## Instructions for the task
Hunt through the entries for the word "TerminalBlock" and copy each line in which it appears.
━━ Source records ━━
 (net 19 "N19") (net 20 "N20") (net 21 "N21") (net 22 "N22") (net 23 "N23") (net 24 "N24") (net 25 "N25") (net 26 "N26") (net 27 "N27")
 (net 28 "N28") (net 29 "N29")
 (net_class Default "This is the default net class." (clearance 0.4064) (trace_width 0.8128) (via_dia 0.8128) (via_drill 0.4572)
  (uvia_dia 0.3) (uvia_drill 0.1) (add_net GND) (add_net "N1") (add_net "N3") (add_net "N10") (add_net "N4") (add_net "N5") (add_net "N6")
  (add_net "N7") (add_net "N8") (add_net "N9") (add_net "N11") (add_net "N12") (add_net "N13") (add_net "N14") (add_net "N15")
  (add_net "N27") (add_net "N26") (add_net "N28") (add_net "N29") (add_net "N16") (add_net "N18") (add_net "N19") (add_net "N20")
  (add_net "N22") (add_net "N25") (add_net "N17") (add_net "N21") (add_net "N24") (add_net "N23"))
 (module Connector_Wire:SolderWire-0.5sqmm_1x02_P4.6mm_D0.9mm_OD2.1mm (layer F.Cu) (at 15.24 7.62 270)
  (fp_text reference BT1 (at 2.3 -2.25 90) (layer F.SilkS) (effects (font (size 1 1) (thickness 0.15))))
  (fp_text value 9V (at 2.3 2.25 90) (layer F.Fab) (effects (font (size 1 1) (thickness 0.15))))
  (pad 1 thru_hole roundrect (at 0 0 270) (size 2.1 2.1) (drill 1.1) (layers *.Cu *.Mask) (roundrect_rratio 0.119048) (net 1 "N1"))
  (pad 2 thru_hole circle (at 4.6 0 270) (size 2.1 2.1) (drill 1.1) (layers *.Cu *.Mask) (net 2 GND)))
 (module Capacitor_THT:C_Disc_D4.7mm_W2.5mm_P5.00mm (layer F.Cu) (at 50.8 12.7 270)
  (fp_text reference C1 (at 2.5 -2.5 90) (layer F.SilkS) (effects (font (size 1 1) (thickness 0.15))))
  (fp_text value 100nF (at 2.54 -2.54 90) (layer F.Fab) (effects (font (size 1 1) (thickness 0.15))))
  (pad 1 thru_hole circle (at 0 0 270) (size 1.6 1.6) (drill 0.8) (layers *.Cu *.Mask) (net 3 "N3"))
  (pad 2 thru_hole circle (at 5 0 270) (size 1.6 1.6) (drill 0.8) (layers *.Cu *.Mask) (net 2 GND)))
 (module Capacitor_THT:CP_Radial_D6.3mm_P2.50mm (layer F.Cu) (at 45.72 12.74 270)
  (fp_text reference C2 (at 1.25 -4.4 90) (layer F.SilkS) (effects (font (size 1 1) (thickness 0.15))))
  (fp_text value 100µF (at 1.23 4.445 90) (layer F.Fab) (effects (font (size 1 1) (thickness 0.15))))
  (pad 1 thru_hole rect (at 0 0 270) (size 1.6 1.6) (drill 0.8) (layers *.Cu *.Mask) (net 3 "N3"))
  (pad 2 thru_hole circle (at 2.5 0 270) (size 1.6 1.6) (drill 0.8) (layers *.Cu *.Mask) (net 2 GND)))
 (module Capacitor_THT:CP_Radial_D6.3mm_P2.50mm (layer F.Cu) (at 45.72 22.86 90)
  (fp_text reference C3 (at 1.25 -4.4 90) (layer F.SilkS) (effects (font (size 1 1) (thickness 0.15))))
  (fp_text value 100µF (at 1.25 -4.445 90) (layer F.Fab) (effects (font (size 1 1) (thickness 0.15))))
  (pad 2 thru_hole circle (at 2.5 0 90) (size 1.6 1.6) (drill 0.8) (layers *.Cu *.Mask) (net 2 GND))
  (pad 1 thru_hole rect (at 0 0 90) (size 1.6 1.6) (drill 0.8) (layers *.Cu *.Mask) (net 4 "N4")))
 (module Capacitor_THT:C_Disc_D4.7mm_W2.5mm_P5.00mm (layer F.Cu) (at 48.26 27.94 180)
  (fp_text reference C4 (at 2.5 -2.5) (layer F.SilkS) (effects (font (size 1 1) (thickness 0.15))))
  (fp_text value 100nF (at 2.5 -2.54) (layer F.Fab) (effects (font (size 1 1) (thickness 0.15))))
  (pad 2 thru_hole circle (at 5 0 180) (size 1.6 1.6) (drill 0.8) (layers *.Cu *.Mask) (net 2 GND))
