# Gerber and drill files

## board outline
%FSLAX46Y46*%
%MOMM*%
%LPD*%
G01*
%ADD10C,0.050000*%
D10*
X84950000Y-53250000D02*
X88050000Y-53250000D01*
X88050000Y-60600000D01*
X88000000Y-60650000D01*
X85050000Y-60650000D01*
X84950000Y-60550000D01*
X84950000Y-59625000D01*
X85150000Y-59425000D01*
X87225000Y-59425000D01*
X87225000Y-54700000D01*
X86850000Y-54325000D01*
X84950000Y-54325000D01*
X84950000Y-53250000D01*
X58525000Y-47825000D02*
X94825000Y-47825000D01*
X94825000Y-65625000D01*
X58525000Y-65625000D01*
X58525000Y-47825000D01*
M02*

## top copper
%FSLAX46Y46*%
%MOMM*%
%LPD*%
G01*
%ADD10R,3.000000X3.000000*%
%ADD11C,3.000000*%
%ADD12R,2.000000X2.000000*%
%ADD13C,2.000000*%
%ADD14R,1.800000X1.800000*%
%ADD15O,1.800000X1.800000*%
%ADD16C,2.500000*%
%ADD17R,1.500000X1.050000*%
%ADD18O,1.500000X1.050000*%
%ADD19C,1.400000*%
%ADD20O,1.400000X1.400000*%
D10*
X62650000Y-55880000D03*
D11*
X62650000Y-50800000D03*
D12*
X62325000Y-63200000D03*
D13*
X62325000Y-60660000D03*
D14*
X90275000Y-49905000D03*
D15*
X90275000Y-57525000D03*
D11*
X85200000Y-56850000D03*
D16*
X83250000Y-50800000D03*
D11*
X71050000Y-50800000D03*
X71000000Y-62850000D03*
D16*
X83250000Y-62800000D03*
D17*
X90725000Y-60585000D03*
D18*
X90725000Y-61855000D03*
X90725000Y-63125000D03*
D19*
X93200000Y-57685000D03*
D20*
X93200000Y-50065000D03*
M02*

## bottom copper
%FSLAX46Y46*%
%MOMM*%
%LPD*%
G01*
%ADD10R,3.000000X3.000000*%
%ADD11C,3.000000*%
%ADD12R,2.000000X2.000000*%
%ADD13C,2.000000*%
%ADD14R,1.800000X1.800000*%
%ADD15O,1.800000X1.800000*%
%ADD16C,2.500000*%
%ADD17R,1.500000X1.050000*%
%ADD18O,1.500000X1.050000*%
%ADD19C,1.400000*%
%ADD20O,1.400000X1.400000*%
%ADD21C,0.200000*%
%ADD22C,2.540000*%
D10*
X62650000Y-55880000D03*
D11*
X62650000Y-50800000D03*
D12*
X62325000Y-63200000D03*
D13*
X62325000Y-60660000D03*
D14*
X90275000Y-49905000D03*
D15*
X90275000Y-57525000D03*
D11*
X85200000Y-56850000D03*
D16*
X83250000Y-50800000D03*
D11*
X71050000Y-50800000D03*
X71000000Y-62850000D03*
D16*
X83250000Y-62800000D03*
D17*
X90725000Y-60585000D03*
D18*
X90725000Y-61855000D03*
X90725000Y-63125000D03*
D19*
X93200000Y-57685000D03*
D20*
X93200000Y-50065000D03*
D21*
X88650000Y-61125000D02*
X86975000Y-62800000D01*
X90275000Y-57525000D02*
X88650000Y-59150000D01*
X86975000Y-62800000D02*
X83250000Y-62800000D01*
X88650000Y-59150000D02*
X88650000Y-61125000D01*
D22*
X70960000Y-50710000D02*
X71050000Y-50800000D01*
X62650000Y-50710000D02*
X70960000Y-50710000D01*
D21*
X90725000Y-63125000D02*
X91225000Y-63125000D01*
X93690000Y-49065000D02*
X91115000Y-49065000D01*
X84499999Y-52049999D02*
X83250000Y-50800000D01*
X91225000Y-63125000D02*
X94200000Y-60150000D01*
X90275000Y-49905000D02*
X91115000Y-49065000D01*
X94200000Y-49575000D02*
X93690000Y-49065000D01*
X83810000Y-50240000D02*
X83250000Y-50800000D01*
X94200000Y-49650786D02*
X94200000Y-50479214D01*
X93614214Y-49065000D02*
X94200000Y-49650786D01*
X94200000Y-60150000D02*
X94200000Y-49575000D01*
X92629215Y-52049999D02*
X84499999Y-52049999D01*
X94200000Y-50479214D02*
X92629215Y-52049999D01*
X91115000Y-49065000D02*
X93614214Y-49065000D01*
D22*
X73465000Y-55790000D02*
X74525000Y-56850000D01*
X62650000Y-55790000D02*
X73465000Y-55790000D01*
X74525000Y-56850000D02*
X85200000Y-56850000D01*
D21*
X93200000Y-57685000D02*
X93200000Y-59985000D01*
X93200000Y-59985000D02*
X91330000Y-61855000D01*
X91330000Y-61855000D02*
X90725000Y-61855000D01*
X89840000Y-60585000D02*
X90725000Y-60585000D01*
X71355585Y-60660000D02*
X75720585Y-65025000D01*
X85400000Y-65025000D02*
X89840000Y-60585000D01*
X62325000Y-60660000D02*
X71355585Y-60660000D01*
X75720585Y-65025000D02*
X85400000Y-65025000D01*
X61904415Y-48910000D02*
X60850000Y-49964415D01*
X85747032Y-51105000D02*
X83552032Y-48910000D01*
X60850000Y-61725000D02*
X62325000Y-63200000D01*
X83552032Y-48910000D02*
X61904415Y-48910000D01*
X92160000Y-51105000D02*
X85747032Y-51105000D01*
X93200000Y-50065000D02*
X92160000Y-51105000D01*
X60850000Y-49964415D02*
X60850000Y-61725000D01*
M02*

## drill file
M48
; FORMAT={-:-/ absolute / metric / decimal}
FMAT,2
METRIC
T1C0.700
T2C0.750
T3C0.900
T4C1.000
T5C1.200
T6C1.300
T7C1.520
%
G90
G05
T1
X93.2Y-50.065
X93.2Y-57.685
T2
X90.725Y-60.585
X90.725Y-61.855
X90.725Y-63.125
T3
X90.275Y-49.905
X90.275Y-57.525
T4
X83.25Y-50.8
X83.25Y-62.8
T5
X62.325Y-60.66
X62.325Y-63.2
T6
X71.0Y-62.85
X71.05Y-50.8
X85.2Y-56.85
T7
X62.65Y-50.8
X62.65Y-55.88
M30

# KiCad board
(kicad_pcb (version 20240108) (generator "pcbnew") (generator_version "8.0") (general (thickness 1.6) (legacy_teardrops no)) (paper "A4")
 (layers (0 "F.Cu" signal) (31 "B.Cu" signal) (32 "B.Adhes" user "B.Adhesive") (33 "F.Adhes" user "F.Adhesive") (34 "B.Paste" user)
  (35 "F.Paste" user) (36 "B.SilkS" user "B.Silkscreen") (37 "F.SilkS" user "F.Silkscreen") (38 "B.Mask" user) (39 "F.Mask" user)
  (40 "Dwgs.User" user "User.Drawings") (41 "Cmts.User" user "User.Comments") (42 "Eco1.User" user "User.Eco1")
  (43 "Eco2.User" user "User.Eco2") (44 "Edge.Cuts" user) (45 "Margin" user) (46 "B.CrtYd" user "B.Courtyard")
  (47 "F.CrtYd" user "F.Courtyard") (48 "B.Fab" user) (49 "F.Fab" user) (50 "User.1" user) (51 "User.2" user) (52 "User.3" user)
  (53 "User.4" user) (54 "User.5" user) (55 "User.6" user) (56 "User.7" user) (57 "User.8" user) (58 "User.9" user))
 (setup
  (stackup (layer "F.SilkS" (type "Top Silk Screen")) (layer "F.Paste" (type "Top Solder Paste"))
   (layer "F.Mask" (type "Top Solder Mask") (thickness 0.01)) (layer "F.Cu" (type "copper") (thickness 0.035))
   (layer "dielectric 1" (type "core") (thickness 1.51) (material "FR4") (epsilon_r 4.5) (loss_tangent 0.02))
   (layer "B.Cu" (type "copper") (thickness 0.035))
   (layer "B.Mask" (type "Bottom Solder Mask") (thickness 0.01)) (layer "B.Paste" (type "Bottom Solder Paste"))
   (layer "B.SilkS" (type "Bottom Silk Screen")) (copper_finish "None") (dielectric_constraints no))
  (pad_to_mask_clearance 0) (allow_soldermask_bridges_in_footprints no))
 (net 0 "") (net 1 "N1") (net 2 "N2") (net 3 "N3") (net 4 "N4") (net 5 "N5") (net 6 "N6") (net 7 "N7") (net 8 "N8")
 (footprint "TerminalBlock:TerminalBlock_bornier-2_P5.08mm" (layer "F.Cu") (at 62.65 55.88 90)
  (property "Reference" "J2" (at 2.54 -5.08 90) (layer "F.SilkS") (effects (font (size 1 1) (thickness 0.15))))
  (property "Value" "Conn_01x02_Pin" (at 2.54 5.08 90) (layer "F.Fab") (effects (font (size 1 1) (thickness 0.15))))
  (pad "1" thru_hole rect (at 0 0 90) (size 3 3) (drill 1.52) (layers "*.Cu" "*.Mask") (remove_unused_layers no) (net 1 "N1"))
  (pad "2" thru_hole circle (at 5.08 0 90) (size 3 3) (drill 1.52) (layers "*.Cu" "*.Mask") (remove_unused_layers no) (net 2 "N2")))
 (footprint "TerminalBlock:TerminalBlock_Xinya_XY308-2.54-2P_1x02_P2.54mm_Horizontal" (layer "F.Cu") (at 62.325 63.2 90)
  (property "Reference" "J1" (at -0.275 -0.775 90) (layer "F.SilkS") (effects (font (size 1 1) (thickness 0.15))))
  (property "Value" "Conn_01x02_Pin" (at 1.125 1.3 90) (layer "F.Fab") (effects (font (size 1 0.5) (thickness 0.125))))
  (pad "1" thru_hole rect (at 0 0 90) (size 2 2) (drill 1.2) (layers "*.Cu" "*.Mask") (remove_unused_layers no) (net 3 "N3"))
  (pad "2" thru_hole circle (at 2.54 0 90) (size 2 2) (drill 1.2) (layers "*.Cu" "*.Mask") (remove_unused_layers no) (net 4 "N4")))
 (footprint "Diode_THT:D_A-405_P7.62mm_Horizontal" (layer "F.Cu") (at 90.275 49.905 -90)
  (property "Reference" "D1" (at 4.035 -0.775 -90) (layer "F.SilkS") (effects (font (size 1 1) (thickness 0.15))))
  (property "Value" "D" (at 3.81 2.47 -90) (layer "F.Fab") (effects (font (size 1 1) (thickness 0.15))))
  (pad "1" thru_hole rect (at 0 0 270) (size 1.8 1.8) (drill 0.9) (layers "*.Cu" "*.Mask") (remove_unused_layers no) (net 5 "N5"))
  (pad "2" thru_hole oval (at 7.62 0 270) (size 1.8 1.8) (drill 0.9) (layers "*.Cu" "*.Mask") (remove_unused_layers no) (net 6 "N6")))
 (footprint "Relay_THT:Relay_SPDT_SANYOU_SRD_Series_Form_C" (layer "F.Cu") (at 85.2 56.85 180)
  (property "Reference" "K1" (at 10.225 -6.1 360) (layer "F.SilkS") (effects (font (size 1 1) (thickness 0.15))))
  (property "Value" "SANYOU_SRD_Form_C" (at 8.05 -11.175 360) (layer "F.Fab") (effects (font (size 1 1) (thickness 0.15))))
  (pad "1" thru_hole circle (at 0 0 270) (size 3 3) (drill 1.3) (layers "*.Cu" "*.Mask") (remove_unused_layers no) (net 1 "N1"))
  (pad "2" thru_hole circle (at 1.95 6.05 270) (size 2.5 2.5) (drill 1) (layers "*.Cu" "*.Mask") (remove_unused_layers no) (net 5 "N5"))
  (pad "3" thru_hole circle (at 14.15 6.05 270) (size 3 3) (drill 1.3) (layers "*.Cu" "*.Mask") (remove_unused_layers no) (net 2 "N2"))
  (pad "4" thru_hole circle (at 14.2 -6 270) (size 3 3) (drill 1.3) (layers "*.Cu" "*.Mask") (remove_unused_layers no) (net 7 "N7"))
  (pad "5" thru_hole circle (at 1.95 -5.95 270) (size 2.5 2.5) (drill 1) (layers "*.Cu" "*.Mask") (remove_unused_layers no) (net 6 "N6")))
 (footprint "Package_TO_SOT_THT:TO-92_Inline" (layer "F.Cu") (at 90.725 60.585 -90)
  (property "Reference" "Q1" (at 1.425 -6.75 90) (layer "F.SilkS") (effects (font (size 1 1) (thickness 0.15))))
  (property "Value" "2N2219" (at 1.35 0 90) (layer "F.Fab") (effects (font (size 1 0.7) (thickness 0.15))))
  (pad "1" thru_hole rect (at 0 0 270) (size 1.05 1.5) (drill 0.75) (layers "*.Cu" "*.Mask") (remove_unused_layers no) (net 4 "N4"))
━━━
## Your response
 (footprint "TerminalBlock:TerminalBlock_bornier-2_P5.08mm" (layer "F.Cu") (at 62.65 55.88 90)
 (footprint "TerminalBlock:TerminalBlock_Xinya_XY308-2.54-2P_1x02_P2.54mm_Horizontal" (layer "F.Cu") (at 62.325 63.2 90)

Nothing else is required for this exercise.